Indeed, nothing comes from nothing, in the sense that nothingness cannot
generate the essence of a thing (essent). But, given the potentiality to be
(which is essence), nothingness delineates, abstracts, or patterns the
essent to actualize discrete entities (i.e., beings and events). This
patterning or abstraction of objective otherness is of course the work of
the intellect which, in turn, produces the images or impressions we call
experience. To what extent is this process "creation"?
I maintain that we are all working off our individual sensibilities to
Value. But we don't "create" value, we only objectivize it.
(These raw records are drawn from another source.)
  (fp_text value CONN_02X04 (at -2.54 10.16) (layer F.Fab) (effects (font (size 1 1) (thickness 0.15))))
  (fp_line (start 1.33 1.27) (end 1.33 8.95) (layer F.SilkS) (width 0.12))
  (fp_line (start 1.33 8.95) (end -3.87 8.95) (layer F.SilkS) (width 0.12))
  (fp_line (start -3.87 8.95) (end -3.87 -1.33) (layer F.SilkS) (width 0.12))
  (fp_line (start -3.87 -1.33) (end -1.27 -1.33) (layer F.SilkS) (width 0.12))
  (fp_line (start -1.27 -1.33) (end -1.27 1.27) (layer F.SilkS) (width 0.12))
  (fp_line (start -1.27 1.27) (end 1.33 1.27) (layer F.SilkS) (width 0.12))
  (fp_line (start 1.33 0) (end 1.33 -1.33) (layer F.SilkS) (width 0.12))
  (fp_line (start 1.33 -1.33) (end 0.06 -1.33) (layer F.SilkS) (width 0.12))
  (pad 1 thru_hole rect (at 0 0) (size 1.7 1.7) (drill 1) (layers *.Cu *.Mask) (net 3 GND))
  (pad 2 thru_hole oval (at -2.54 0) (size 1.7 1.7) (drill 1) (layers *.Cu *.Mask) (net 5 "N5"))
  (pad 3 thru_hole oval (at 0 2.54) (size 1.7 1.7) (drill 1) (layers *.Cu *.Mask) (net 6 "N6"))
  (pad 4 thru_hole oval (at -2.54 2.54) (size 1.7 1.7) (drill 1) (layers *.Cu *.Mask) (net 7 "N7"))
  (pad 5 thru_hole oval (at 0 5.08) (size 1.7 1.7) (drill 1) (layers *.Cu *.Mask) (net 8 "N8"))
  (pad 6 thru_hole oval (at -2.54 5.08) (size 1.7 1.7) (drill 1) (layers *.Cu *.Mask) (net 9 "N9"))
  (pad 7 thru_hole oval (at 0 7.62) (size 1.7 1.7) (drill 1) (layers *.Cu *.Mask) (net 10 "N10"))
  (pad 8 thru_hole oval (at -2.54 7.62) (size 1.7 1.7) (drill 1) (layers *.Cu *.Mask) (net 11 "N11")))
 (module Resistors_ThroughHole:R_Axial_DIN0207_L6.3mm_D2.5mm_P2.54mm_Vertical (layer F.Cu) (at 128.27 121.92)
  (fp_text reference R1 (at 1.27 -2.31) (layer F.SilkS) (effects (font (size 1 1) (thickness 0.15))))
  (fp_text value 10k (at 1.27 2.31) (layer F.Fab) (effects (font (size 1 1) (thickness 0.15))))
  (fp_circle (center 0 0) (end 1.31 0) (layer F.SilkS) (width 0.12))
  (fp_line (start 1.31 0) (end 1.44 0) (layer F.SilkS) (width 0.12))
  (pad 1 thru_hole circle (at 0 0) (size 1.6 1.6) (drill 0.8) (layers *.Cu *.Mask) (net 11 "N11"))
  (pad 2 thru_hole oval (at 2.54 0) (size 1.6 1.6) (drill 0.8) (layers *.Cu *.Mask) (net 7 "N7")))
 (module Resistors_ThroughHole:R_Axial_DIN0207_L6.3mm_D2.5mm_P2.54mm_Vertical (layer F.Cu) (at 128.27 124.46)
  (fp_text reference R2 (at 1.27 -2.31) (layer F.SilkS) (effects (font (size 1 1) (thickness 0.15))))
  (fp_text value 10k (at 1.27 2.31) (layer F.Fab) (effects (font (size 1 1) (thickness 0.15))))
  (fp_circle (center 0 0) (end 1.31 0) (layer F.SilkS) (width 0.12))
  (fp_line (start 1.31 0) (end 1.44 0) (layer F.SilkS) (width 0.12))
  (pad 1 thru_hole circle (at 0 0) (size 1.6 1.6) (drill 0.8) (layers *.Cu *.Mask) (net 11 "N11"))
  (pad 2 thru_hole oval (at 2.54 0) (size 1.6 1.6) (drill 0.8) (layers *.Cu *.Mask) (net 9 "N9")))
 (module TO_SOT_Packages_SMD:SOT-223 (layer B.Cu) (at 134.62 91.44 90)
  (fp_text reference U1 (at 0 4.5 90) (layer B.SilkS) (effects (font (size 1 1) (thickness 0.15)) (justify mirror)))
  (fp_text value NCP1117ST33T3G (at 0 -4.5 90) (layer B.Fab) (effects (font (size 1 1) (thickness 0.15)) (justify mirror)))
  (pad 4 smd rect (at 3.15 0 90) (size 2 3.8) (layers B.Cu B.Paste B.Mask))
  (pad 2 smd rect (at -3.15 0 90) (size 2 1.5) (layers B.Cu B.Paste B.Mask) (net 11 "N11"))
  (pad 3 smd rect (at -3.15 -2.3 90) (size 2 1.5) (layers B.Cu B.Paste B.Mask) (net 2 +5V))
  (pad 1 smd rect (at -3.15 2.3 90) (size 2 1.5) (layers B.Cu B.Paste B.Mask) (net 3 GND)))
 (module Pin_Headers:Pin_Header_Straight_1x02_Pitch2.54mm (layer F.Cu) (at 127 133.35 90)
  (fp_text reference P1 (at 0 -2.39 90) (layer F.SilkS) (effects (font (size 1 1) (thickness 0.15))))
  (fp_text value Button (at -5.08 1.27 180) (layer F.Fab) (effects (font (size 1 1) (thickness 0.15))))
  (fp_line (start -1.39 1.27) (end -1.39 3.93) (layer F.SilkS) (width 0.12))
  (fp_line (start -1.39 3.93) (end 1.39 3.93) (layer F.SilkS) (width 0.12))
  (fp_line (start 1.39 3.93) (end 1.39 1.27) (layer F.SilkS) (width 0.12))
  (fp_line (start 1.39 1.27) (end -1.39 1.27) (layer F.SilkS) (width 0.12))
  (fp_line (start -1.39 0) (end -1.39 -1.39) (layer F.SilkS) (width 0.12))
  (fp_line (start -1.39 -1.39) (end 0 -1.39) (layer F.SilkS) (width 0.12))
Value-sensibility is the essence of awareness represented in the objects
experienced. Is THAT "creation"? As a phenomenalist I find it just as
difficult to pin creation down as it is for the MoQists to peg the
intellect. I'm left with to conclude that what is created is only the
"appearance" of reality, which is the result of difference, which is a
negation or "reduction" of Essence as opposed to something "added".
That's why (like Sartre) I say that experiential reality is riddled with
nothingness, and I can only speculate that we ourselves are its source.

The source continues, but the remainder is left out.